Il t’aime, eh oui, toujours. Tu es ce genre de personne que l’on oublie jamais.
Et la chose étrange dans tout ça… c’est que c’est ce qu’on dit de moi. Je sais que je provoque cet effet-là. Je le sais, j’en suis sûre. Sinon certains n’auraient pas tant souffert.
Dans ma vie ça ne se manifeste pas exactement pareil. Mais quand je regarde au fond, c’est pareil. Tu es mon miroir et ça me conforte dans ma pensée… cette pensée qui me poursuit et me dit que c’est toi. Et si tu n’es pas prête, c’est peut être que nous avions fait un deal avant, que nous devions être prête pour vivre ça. Pour ne pas être dépendantes l’une de l’autre. Pour être adultes, pour que ce soit solide et durable. Et sans ces promesses tenues, alors pas d’amour.
C’est plausible, sais-tu pourquoi ? Parce que cette envie d’absolu nous ressemble. Ces exigences sont profondément de celles que nous avons souvent. Moi je me découvre quand je te regarde. Les choses cachées à propos de moi ne sont en fait que le reflet de toi. Je n’ai jamais eu l’impression de ressembler autant à quelqu’un qu’à toi… Quand je crois que nous ne nous ressemblons pas sur un point, tu fous mes théories par terre en me surprenant d’avantage, en me mettant sous le nez un point commun improbable…. Encore un !
Je pensais que nous n’étions pas pareilles. Et plus je pense ça, plus je te vois me ressembler. Tu me fais peur à être un miroir. Il me fallait le regarder ce miroir pour comprendre des choses sur moi. Et depuis un mois… j’ai beaucoup appris sur moi justement.

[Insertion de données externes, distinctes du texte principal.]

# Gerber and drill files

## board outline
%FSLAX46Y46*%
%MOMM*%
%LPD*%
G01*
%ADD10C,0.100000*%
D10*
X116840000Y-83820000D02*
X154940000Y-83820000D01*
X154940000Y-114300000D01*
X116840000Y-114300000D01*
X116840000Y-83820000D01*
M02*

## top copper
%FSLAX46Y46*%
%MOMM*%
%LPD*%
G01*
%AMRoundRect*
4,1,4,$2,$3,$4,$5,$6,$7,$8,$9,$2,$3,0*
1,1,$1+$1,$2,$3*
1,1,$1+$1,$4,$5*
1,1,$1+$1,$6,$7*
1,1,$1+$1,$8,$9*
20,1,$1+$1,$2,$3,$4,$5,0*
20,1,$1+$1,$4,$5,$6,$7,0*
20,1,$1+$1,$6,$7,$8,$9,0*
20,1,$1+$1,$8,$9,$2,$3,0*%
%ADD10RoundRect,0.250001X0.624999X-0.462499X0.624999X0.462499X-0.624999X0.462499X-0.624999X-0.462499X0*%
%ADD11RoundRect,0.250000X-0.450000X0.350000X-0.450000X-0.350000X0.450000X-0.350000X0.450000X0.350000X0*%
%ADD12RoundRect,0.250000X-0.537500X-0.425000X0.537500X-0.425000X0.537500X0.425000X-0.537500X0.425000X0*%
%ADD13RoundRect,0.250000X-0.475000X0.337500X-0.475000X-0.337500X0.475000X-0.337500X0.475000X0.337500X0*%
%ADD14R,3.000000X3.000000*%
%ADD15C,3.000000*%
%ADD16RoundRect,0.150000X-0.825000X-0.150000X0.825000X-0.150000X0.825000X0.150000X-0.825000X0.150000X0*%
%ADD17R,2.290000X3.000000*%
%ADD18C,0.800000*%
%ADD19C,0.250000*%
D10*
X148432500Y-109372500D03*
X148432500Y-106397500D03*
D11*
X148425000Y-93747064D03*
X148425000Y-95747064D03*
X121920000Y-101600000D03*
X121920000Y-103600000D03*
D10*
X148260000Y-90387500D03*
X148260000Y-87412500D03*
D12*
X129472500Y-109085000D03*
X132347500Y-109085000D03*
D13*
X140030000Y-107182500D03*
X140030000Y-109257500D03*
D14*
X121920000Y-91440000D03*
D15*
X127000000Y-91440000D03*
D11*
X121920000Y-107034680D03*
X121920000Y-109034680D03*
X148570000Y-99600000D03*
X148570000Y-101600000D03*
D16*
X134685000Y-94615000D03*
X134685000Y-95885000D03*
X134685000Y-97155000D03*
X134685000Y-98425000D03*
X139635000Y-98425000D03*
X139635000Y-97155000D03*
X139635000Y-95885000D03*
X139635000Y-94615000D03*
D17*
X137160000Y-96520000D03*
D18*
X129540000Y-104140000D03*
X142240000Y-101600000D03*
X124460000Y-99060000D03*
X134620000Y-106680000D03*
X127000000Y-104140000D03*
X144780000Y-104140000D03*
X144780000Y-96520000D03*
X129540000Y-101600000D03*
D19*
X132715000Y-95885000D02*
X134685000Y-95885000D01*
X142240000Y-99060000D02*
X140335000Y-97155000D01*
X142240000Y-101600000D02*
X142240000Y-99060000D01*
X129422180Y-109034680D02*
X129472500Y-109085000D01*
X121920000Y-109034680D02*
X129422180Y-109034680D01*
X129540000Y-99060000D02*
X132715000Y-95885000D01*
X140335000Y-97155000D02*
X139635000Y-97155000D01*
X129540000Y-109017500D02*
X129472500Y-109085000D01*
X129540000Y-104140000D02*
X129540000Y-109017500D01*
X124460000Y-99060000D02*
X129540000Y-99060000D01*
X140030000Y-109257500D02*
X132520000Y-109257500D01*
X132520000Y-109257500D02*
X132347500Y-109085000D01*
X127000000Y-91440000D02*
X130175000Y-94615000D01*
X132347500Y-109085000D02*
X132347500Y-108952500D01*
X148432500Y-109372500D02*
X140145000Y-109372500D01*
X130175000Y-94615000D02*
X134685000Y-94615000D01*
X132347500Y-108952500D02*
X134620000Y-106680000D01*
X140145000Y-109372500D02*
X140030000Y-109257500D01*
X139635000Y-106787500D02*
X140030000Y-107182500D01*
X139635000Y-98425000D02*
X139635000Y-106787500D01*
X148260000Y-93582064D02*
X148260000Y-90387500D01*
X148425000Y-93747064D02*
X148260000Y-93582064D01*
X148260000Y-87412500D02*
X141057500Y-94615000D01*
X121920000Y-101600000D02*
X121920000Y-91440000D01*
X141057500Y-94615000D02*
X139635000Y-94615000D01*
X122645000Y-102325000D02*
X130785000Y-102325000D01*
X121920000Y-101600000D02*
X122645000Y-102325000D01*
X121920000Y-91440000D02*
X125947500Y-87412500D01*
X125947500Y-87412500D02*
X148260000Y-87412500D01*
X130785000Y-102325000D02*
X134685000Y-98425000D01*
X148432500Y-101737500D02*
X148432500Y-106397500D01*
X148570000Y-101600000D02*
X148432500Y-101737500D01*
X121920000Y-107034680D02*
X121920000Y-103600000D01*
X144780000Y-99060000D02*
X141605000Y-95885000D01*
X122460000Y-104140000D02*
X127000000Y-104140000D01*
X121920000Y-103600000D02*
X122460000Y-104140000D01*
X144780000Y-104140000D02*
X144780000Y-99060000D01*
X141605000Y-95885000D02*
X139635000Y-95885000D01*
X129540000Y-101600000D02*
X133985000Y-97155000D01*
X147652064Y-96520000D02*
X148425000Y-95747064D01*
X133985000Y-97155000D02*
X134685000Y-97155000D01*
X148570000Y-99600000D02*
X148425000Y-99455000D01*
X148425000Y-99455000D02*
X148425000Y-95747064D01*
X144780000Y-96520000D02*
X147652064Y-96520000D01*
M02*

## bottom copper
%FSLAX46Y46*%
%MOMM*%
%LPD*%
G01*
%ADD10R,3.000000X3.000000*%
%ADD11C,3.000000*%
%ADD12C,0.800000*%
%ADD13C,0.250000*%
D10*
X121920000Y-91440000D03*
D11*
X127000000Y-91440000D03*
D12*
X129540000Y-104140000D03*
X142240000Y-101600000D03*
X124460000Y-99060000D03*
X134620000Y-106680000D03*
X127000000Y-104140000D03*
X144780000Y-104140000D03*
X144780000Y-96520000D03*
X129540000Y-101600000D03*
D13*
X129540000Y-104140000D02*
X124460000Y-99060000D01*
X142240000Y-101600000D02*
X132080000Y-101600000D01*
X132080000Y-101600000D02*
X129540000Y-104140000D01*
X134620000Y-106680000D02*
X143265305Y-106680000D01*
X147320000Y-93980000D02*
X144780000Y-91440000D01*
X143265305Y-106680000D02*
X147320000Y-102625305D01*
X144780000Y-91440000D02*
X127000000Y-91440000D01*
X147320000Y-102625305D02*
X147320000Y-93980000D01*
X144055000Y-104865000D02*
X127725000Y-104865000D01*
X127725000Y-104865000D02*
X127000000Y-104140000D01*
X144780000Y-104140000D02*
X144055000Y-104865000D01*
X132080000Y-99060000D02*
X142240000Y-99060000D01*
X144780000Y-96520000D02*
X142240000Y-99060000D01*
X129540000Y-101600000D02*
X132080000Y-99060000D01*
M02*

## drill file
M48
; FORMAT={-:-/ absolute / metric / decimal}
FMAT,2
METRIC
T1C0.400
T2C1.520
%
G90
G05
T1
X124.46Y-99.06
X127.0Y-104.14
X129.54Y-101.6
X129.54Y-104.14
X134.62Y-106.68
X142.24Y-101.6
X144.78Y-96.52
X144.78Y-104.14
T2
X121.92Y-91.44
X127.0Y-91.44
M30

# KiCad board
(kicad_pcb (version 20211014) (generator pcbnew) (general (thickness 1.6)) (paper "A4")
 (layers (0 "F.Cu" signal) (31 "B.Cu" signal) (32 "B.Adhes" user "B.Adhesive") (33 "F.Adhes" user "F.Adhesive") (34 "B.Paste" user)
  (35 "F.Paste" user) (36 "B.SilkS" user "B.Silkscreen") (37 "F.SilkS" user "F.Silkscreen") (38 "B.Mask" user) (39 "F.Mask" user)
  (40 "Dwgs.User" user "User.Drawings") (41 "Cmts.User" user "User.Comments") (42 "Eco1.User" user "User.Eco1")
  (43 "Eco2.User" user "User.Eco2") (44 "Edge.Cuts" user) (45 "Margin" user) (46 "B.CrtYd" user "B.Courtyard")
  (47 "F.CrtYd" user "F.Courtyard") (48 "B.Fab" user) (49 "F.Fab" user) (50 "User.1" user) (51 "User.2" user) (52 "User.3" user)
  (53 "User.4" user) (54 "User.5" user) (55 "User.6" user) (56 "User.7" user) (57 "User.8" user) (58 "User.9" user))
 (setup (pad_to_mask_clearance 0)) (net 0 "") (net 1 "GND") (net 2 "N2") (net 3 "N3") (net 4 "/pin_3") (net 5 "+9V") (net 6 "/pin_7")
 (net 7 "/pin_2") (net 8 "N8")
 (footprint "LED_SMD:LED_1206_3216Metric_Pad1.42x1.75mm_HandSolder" (layer "F.Cu") (at 148.4325 107.885 90)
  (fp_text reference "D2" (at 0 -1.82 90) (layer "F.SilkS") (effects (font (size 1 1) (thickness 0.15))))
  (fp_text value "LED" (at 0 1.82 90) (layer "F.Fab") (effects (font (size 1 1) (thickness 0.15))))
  (pad "1" smd roundrect (at -1.4875 0 90) (size 1.425 1.75) (layers "F.Cu" "F.Paste" "F.Mask") (roundrect_rratio 0.175439) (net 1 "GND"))
  (pad "2" smd roundrect (at 1.4875 0 90) (size 1.425 1.75) (layers "F.Cu" "F.Paste" "F.Mask") (roundrect_rratio 0.175439) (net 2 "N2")))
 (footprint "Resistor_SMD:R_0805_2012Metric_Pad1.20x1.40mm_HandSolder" (layer "F.Cu") (at 148.425 94.747064 -90)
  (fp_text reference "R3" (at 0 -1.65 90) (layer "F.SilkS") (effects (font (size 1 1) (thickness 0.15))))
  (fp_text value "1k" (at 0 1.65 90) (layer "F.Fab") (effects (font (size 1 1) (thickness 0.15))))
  (pad "1" smd roundrect (at -1 0 270) (size 1.2 1.4) (layers "F.Cu" "F.Paste" "F.Mask") (roundrect_rratio 0.208333) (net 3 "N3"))
  (pad "2" smd roundrect (at 1 0 270) (size 1.2 1.4) (layers "F.Cu" "F.Paste" "F.Mask") (roundrect_rratio 0.208333) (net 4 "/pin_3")))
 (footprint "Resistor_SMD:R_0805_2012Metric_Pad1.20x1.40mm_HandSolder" (layer "F.Cu") (at 121.92 102.6 -90)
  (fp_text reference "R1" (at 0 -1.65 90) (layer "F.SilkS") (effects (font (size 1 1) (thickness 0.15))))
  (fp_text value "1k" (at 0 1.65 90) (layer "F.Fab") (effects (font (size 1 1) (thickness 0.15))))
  (pad "1" smd roundrect (at -1 0 270) (size 1.2 1.4) (layers "F.Cu" "F.Paste" "F.Mask") (roundrect_rratio 0.208333) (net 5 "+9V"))
  (pad "2" smd roundrect (at 1 0 270) (size 1.2 1.4) (layers "F.Cu" "F.Paste" "F.Mask") (roundrect_rratio 0.208333) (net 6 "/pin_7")))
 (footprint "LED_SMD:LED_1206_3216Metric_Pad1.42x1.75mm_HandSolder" (layer "F.Cu") (at 148.26 88.9 90)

Généralement je n’ai pas confiance en moi. Pour plein de choses j’oublie ce que je vaux, je me dis que je ne suis pas capable… que je ne suis pas si exceptionnelle. Et tu est la seule face à qui j’ai l’impression de l’être au fond. De l’être autant que toi. Tu es la seule face à qui je ne fasse ni un complexe d’infériorité, ni un complexe de supériorité… tu es la seule qui me paraisse une égale absolue.
Je pense qu’au fond tu sais tout de moi. Tu sais instinctivement qui je suis, et je sais instinctivement qui tu es. Et il n’est nul besoin de parler. Nous parlons pour le plaisir, pour la curiosité, pour tout ce que ça peut apporter de nouveau dans ce monde étrange et si dense. Mais je sais qui tu es, et tu sais qui je suis, tu sais ce que je pense, je crois même que tu sais ce que je ressens.
Pourquoi donc est-ce si compliqué ? Parce que le temps n’est pas venu, parce que nous avions décidé d’être finies. C’était peut être bien présomptueux de notre part, mais notre envie d’absolu prendra toujours le dessus.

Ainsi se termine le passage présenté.